#### [SUPPLIED MATERIAL]

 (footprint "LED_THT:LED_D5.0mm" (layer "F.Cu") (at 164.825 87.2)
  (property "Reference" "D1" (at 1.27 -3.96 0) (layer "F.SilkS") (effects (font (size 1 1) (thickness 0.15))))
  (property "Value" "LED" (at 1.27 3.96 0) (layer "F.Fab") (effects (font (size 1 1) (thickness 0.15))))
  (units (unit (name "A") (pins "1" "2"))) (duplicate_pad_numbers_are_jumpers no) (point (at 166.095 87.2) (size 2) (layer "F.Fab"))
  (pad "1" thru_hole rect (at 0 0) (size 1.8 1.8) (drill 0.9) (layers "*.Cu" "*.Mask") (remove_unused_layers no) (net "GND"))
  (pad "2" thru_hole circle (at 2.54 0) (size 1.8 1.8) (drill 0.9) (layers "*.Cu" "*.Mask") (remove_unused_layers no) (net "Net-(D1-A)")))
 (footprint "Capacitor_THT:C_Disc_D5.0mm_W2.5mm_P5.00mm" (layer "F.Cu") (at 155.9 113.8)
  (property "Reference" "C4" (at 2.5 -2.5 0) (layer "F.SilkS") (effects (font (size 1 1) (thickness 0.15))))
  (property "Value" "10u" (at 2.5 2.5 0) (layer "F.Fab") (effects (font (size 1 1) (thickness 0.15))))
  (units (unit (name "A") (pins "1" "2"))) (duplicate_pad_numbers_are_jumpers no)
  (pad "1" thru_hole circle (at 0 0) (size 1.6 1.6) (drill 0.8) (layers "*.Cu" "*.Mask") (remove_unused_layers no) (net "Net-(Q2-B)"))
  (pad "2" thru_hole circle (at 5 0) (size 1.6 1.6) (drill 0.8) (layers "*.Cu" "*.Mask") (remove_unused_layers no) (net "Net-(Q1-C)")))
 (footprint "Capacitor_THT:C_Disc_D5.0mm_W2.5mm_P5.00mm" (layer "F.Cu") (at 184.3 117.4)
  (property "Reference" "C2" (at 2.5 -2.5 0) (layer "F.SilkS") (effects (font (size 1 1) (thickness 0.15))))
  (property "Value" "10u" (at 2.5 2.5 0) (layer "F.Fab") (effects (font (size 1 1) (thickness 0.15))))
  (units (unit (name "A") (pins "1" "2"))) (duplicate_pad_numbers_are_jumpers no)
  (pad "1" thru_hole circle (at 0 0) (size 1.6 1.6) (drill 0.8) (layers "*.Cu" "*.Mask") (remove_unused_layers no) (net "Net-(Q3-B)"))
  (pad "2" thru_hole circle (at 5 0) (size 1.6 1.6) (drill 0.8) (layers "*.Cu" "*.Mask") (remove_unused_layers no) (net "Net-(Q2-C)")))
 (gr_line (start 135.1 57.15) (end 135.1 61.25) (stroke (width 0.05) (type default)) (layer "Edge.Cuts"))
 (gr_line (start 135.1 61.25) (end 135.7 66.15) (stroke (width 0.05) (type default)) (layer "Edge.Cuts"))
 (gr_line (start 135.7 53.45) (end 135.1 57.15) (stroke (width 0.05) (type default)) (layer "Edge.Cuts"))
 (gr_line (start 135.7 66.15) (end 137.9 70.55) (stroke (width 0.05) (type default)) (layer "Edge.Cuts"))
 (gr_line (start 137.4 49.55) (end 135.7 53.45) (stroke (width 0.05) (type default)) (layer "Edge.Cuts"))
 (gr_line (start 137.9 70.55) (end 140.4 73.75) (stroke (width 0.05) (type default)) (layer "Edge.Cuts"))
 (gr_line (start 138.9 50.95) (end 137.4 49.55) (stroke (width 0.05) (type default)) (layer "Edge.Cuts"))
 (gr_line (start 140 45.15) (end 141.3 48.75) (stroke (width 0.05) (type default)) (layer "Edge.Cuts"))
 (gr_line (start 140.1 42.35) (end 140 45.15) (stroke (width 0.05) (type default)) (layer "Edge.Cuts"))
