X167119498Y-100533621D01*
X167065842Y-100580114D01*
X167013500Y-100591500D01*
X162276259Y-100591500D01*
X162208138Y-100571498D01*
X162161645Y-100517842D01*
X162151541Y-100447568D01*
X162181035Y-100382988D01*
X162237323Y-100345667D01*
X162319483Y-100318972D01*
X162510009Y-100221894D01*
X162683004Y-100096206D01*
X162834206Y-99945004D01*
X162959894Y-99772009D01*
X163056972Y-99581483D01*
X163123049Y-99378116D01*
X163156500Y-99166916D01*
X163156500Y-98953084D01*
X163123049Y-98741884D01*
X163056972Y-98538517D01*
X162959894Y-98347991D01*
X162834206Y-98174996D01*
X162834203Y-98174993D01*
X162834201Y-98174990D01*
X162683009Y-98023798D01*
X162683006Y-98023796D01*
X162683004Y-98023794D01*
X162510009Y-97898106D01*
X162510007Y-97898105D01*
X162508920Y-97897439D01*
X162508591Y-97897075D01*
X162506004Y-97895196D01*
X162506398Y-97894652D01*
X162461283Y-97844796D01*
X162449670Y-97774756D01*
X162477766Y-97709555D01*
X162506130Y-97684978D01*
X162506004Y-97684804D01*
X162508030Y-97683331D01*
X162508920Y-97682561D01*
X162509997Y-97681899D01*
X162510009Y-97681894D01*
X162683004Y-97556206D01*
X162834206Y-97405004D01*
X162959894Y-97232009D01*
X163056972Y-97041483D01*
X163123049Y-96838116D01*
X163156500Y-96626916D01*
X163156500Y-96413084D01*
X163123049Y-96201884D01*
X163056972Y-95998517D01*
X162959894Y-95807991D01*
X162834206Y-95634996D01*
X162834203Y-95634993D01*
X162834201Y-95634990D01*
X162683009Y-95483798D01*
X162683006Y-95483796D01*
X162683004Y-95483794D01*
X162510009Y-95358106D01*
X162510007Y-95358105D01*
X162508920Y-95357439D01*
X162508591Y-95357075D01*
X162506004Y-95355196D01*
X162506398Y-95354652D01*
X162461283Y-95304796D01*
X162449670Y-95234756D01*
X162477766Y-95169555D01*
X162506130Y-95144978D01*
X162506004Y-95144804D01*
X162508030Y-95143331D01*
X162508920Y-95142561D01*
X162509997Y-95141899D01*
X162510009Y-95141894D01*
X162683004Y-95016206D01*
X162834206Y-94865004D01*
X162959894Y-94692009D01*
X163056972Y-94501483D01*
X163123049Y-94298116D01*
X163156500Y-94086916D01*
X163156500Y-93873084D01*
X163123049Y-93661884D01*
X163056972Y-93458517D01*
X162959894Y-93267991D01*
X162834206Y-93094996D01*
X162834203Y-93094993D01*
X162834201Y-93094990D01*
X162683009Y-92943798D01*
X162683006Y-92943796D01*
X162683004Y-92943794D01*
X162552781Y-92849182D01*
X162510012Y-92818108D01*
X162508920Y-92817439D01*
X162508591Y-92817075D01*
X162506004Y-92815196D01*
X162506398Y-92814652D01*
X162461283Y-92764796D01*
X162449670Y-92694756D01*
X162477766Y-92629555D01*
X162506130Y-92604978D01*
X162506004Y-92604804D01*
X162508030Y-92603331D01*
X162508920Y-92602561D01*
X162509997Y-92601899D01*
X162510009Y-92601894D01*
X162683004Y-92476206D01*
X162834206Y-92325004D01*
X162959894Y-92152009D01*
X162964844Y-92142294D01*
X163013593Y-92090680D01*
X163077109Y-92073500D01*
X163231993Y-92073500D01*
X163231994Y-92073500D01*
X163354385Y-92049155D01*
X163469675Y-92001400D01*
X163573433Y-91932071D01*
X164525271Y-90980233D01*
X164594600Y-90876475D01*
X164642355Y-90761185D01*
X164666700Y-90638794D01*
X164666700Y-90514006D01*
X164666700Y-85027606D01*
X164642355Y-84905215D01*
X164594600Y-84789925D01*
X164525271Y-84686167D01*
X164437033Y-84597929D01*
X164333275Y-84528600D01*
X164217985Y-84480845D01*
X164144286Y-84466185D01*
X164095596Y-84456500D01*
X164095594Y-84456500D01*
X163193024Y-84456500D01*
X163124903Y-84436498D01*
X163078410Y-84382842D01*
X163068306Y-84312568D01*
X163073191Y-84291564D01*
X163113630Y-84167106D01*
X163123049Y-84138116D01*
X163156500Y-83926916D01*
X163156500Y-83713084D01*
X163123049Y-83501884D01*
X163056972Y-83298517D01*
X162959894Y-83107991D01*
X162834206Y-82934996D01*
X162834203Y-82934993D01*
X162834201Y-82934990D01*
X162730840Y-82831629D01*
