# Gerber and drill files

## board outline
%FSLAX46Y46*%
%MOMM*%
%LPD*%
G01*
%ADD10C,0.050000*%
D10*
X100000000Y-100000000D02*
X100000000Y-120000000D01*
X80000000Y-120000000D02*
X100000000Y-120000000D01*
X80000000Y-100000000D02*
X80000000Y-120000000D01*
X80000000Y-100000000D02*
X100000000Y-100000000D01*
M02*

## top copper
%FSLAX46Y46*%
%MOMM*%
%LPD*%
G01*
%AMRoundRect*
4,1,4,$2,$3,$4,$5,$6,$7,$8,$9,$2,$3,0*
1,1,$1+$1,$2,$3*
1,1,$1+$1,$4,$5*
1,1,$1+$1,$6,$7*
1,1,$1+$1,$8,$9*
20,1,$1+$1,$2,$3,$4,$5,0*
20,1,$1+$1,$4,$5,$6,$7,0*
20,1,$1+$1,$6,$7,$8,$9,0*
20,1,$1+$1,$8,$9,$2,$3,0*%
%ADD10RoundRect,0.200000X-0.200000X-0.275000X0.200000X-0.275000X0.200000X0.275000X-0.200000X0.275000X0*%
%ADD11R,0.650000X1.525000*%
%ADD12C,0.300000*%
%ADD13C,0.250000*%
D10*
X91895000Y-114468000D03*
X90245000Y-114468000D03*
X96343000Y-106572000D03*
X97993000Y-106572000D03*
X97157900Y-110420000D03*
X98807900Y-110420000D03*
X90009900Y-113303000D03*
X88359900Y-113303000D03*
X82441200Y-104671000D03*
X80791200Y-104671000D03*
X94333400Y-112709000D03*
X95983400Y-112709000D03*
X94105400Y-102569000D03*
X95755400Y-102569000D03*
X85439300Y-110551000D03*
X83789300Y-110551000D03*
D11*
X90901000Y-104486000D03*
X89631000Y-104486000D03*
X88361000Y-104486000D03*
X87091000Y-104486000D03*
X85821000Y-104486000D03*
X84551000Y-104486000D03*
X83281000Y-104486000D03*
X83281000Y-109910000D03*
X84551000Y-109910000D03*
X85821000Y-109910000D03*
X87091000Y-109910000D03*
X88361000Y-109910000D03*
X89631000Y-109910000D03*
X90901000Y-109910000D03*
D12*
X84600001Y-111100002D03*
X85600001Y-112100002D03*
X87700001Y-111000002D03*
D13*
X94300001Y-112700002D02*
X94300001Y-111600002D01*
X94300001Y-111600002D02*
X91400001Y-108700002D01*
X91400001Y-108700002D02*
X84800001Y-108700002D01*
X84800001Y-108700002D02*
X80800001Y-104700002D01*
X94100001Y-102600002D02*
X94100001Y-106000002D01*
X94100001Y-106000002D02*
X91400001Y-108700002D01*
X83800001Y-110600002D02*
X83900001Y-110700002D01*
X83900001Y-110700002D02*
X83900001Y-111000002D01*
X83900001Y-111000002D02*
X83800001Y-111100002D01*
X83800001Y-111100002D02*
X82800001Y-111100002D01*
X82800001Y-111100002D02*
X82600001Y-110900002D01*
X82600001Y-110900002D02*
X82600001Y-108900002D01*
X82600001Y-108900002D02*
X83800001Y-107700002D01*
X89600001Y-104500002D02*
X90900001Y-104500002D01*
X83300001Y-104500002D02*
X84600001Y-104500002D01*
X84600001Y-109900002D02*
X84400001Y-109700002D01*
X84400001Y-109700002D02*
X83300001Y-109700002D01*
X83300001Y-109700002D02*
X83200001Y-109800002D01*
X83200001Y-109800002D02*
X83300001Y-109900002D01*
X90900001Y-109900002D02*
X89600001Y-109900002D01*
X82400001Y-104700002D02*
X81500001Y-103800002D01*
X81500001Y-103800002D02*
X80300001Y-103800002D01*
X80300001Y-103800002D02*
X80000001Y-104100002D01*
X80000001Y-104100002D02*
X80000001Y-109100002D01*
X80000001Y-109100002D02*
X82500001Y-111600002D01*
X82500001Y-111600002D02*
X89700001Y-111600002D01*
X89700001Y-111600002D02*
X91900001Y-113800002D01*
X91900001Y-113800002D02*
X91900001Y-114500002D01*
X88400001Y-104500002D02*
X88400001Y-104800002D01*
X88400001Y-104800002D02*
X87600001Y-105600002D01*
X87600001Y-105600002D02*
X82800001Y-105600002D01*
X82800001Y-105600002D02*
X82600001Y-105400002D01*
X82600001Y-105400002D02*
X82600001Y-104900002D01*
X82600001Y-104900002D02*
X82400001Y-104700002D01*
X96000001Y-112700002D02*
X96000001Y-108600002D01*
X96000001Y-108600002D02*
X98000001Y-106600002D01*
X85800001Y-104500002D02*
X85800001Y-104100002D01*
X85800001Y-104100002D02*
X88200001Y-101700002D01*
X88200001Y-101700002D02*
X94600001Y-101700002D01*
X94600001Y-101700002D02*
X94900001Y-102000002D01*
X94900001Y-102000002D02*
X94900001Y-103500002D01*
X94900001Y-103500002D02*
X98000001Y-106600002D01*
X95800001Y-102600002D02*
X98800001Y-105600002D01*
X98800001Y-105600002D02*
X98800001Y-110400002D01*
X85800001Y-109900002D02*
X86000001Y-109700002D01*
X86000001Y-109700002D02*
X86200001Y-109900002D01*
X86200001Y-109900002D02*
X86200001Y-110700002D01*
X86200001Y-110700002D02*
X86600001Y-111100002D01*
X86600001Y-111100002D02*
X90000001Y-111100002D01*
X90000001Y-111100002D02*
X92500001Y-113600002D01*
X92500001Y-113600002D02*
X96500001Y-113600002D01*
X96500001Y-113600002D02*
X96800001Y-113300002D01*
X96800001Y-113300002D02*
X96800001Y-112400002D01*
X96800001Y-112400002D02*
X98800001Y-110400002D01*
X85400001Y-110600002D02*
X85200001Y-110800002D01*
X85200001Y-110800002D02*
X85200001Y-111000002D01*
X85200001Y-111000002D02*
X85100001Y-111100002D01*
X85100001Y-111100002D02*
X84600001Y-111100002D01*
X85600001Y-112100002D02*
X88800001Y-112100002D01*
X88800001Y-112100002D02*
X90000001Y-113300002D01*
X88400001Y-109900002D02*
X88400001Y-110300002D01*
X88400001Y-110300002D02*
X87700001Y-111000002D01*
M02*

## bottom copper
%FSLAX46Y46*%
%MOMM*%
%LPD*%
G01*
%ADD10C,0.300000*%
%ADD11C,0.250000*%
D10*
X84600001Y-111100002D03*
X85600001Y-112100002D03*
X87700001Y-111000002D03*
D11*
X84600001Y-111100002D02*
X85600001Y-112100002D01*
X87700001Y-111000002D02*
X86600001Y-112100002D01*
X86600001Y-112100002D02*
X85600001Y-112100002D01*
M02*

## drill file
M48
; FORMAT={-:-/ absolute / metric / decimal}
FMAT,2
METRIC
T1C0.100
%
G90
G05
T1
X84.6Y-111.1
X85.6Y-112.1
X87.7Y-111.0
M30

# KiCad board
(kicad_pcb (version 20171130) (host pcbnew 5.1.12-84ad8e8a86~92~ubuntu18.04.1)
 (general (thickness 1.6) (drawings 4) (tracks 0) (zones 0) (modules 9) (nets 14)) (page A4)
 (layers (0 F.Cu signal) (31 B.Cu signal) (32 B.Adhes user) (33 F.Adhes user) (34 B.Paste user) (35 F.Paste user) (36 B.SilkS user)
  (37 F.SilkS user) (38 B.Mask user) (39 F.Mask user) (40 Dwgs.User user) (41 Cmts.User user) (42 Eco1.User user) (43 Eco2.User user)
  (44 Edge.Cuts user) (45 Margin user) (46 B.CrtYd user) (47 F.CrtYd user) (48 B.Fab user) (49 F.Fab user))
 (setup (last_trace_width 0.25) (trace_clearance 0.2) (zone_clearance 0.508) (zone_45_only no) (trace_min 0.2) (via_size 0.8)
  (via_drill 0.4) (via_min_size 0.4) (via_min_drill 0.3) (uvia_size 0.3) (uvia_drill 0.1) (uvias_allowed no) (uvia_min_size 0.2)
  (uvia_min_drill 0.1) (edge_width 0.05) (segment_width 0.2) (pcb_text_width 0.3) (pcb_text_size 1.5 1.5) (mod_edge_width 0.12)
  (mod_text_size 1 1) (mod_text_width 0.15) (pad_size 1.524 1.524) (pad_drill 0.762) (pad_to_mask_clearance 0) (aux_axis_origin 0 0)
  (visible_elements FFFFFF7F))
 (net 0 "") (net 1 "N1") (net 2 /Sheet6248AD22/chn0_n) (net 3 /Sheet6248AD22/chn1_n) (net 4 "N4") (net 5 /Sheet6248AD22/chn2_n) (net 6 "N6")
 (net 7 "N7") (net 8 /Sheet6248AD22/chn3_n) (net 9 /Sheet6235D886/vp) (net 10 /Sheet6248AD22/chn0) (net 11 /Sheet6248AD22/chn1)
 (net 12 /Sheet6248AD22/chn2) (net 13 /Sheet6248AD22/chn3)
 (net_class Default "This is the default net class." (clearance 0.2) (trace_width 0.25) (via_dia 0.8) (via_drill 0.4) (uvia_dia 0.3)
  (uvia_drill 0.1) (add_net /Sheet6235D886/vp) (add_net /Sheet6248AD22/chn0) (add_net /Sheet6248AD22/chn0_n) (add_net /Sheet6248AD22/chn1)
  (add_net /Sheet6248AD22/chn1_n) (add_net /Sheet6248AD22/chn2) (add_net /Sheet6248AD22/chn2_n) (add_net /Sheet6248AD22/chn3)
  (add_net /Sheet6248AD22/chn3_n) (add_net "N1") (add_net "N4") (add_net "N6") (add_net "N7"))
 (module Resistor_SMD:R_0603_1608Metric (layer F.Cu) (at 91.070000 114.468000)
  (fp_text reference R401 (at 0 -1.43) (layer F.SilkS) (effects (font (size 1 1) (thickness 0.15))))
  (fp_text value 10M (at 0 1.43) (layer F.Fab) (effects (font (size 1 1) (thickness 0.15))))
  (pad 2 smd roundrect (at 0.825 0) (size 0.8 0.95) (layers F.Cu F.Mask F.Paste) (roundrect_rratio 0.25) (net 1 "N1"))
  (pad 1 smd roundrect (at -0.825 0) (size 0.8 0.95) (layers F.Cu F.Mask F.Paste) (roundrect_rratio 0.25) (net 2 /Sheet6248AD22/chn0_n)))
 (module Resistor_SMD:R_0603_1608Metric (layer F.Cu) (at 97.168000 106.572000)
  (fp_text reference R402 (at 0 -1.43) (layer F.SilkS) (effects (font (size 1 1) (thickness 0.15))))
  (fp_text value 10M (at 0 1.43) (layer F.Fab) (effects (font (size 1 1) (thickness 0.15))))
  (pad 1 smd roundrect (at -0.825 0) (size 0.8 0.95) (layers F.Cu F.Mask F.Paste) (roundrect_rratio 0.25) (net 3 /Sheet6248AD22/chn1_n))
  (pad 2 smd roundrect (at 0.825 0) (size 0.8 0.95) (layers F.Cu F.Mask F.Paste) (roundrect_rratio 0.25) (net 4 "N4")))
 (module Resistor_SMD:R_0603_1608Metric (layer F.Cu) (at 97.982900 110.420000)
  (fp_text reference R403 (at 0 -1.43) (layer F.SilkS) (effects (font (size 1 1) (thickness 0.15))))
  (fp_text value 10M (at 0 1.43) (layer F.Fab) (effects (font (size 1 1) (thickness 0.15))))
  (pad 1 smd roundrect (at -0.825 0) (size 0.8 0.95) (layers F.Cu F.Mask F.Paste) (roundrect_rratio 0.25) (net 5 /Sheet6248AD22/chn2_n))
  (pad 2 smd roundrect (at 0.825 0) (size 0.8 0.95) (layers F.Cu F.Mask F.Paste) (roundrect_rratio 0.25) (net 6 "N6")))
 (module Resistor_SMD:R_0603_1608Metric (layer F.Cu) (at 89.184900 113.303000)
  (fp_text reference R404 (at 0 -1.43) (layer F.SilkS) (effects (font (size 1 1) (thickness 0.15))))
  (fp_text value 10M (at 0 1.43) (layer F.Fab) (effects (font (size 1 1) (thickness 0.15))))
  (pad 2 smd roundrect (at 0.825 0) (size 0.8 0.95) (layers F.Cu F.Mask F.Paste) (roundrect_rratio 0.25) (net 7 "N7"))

#### [GOAL OF THE EXERCISE]
Please transcribe exactly the lines above from the line that has "X162506004Y-97684804D01*" up to and including the line that has "X162683006Y-95483796D01*"; no other line belongs in the answer.

#### [RESPONSE TO THIS EXERCISE]
X162506004Y-97684804D01*
X162508030Y-97683331D01*
X162508920Y-97682561D01*
X162509997Y-97681899D01*
X162510009Y-97681894D01*
X162683004Y-97556206D01*
X162834206Y-97405004D01*
X162959894Y-97232009D01*
X163056972Y-97041483D01*
X163123049Y-96838116D01*
X163156500Y-96626916D01*
X163156500Y-96413084D01*
X163123049Y-96201884D01*
X163056972Y-95998517D01*
X162959894Y-95807991D01*
X162834206Y-95634996D01*
X162834203Y-95634993D01*
X162834201Y-95634990D01*
X162683009Y-95483798D01*
X162683006Y-95483796D01*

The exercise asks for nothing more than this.